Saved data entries
————

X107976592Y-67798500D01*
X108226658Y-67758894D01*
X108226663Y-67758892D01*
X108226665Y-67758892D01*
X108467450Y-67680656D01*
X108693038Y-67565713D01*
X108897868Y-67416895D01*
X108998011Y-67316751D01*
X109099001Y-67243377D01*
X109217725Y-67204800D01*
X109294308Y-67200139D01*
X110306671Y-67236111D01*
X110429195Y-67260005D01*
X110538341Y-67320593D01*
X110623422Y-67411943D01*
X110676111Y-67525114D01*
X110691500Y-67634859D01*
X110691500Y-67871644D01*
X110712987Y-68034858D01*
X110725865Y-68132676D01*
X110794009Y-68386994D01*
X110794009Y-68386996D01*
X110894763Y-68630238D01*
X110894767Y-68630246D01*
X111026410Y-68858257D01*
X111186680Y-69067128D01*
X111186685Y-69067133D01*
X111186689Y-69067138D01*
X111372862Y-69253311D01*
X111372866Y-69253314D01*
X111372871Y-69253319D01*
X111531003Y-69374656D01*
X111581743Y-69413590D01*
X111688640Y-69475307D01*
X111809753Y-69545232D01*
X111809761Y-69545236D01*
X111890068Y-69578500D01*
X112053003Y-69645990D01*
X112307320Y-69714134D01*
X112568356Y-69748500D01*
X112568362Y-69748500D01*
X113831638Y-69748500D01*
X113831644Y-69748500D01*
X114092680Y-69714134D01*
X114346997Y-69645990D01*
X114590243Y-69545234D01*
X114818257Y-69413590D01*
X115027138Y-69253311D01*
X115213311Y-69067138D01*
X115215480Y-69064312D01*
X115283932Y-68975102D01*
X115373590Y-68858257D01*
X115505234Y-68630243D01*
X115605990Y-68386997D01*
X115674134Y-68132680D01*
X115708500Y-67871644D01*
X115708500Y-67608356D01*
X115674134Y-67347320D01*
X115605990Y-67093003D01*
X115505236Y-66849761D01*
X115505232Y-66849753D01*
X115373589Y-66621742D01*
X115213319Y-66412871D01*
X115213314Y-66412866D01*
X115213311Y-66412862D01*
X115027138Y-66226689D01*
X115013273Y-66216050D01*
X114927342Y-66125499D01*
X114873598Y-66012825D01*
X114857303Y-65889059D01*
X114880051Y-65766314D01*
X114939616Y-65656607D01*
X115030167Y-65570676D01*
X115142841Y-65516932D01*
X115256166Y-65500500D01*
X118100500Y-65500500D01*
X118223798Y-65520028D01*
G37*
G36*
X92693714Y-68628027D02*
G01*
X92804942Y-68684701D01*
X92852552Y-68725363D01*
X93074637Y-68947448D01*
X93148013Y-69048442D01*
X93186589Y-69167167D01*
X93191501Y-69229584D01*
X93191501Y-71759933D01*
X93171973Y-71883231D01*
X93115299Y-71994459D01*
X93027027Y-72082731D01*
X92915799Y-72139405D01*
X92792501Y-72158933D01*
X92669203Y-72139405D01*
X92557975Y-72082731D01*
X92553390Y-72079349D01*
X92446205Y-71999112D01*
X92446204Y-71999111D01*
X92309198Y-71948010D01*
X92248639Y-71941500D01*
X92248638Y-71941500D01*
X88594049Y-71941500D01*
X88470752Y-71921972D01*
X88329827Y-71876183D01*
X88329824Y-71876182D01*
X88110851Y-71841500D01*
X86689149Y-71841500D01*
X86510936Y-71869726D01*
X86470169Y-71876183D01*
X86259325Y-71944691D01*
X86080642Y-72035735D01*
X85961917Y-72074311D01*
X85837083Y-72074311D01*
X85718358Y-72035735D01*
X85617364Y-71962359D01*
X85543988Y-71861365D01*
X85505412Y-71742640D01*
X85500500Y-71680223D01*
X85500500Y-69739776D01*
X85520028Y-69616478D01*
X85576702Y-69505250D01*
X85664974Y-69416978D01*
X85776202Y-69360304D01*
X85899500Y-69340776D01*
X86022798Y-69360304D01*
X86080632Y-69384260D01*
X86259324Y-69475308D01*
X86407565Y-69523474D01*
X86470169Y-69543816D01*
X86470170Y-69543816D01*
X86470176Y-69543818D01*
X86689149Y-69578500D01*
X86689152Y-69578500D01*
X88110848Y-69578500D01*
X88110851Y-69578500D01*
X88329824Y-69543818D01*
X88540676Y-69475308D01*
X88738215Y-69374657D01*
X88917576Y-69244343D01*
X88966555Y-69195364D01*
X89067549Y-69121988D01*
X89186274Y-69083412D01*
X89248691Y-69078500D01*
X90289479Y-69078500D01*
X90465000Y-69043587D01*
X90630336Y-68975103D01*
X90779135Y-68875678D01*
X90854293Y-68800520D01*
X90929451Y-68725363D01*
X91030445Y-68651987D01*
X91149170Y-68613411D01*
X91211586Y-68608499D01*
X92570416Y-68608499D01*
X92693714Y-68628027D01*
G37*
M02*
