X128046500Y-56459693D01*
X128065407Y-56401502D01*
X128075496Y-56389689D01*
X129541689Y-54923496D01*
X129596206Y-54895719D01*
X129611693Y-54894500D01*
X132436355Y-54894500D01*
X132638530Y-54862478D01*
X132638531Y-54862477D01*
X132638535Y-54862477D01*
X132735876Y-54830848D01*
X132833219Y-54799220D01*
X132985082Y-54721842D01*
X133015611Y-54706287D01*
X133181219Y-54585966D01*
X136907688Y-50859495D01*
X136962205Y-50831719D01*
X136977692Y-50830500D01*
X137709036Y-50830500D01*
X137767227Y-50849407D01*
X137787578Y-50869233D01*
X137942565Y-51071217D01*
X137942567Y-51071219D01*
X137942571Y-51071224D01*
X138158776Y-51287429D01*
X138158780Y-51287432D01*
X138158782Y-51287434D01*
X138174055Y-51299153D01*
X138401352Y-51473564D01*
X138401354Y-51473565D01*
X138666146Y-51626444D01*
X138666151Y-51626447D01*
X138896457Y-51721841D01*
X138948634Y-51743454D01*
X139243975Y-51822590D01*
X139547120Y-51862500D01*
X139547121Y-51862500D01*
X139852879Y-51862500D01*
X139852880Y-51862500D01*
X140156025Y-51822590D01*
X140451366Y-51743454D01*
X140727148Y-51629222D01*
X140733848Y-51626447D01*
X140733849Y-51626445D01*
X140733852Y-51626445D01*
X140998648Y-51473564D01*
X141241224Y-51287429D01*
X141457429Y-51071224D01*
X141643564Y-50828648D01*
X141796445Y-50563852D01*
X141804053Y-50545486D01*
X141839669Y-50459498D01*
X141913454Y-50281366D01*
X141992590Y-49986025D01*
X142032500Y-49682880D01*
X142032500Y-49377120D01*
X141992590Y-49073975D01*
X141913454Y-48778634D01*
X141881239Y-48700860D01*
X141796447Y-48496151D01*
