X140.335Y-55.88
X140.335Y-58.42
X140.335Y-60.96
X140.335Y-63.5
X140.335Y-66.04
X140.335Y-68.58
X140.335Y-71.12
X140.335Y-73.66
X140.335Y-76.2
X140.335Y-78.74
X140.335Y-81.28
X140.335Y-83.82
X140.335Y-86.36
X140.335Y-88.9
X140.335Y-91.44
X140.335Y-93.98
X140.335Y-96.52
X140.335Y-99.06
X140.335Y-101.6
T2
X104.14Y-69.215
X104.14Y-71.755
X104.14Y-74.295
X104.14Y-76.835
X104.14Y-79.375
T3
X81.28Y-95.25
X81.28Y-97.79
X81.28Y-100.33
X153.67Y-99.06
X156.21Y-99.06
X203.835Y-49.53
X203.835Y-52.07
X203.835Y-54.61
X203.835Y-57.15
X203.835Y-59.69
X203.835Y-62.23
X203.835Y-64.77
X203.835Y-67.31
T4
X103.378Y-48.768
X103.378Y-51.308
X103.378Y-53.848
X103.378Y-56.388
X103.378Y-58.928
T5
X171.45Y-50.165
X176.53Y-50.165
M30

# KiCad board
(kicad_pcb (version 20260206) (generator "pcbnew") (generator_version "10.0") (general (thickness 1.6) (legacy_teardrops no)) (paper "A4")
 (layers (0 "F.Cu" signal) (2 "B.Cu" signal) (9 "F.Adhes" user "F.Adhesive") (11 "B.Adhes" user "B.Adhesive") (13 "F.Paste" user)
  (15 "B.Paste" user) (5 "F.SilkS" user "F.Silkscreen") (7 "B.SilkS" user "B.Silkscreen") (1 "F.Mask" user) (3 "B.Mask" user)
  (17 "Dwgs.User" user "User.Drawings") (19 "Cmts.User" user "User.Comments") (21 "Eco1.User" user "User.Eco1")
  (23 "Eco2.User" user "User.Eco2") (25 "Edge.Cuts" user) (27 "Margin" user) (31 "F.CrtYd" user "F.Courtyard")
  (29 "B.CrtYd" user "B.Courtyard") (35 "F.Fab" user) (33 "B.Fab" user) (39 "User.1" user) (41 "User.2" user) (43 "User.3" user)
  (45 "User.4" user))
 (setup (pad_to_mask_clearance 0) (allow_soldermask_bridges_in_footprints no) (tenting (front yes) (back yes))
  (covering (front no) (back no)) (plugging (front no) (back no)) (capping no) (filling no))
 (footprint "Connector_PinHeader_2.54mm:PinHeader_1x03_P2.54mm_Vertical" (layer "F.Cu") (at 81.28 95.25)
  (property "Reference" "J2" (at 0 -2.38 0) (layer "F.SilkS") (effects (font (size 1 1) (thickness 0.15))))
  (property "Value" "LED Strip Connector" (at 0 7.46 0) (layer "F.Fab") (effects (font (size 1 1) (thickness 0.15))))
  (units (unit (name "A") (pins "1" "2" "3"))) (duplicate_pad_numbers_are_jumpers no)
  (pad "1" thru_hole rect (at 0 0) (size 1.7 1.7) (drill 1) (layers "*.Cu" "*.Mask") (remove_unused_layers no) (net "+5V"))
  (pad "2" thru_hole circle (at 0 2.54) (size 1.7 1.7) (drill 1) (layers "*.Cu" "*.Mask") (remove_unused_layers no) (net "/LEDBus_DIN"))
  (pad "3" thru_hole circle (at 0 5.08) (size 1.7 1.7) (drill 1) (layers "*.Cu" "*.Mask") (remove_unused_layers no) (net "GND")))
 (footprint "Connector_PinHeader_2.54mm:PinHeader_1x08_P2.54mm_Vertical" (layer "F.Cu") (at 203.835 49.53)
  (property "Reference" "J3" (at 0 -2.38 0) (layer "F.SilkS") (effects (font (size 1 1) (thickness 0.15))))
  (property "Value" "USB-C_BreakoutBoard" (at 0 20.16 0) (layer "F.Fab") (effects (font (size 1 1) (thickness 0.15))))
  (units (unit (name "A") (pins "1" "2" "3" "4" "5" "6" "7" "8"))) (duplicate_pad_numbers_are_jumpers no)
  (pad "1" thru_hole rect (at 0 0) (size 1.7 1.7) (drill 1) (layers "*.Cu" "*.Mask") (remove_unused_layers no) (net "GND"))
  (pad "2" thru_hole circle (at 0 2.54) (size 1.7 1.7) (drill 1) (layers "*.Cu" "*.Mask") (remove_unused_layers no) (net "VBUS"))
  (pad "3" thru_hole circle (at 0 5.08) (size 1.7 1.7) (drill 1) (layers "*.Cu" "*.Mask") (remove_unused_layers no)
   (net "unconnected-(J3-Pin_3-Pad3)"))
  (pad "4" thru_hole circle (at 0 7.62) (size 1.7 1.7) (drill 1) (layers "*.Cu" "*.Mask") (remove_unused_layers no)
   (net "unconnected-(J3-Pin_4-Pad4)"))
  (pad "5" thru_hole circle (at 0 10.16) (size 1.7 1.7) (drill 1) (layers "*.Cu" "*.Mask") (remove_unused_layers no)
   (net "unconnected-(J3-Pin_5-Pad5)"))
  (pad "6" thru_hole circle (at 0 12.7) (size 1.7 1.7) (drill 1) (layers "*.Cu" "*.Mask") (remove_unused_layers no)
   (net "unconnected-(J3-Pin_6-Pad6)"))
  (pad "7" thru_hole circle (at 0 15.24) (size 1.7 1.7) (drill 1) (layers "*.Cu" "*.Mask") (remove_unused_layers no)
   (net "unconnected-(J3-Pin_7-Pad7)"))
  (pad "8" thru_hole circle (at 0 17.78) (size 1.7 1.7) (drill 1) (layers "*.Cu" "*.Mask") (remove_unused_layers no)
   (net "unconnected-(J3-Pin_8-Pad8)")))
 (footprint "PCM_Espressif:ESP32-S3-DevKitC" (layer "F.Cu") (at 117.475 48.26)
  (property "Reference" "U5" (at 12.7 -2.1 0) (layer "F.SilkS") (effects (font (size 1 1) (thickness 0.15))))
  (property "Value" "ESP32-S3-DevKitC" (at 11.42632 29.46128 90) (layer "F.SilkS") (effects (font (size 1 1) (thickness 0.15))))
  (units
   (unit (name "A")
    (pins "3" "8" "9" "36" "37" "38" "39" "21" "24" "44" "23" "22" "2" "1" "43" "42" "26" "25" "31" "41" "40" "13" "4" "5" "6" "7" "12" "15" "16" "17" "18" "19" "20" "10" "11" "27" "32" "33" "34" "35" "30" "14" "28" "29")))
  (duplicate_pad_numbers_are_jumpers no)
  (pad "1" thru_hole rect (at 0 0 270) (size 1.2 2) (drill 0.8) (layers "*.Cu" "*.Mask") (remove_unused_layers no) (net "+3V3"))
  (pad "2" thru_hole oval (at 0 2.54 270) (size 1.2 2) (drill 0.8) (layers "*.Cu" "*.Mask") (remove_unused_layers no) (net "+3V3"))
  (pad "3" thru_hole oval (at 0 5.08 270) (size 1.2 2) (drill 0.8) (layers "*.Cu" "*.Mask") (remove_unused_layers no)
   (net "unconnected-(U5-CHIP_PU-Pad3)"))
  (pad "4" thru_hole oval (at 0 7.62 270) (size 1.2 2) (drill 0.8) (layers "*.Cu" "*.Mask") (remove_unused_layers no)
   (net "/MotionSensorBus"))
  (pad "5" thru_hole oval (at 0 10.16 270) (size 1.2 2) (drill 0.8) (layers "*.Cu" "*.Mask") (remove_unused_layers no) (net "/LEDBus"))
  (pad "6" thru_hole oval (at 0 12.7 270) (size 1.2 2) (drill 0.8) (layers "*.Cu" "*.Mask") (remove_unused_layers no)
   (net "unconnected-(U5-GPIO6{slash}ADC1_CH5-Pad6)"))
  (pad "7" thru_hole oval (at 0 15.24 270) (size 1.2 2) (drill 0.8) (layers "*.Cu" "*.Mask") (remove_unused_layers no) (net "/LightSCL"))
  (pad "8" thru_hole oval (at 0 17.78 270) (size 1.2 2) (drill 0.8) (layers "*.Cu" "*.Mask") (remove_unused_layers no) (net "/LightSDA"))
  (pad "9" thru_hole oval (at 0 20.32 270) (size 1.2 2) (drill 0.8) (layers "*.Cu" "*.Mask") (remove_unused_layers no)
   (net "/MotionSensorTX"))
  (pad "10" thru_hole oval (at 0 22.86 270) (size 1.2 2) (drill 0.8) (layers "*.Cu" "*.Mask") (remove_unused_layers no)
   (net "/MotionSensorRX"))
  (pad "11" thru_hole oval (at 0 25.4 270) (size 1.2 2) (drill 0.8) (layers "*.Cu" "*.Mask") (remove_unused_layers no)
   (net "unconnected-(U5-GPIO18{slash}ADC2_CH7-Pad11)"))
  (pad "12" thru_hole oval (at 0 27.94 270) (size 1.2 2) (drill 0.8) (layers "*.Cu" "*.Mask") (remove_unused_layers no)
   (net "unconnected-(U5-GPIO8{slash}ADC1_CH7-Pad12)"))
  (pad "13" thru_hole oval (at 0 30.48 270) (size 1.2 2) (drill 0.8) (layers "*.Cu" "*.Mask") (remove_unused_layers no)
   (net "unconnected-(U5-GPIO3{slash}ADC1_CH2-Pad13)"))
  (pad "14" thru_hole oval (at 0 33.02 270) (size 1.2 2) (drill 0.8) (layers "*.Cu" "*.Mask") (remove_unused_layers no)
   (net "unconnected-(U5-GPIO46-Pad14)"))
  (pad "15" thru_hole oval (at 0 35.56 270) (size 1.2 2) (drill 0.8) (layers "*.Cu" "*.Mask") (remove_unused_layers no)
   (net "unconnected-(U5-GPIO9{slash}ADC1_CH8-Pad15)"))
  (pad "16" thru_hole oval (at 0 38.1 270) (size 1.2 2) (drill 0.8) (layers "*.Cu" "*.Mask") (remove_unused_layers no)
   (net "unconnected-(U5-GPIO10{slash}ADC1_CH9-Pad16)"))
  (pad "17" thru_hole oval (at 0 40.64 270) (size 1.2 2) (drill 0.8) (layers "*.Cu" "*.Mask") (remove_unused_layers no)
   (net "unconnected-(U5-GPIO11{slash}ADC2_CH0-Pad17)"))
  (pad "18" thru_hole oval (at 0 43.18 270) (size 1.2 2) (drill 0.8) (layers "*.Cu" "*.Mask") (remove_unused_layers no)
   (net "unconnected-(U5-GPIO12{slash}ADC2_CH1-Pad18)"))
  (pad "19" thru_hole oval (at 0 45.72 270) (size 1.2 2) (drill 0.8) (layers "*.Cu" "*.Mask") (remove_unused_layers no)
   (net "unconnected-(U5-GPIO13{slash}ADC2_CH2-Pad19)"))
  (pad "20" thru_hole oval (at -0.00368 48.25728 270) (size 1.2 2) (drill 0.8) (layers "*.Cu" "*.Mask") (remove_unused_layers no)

————

* **Brief**: Take the lines from the start of the records through the line holding "X109217725Y-67204800D01*", both included, and please print them exactly, with nothing else.

* **Answer section**:
X107976592Y-67798500D01*
X108226658Y-67758894D01*
X108226663Y-67758892D01*
X108226665Y-67758892D01*
X108467450Y-67680656D01*
X108693038Y-67565713D01*
X108897868Y-67416895D01*
X108998011Y-67316751D01*
X109099001Y-67243377D01*
X109217725Y-67204800D01*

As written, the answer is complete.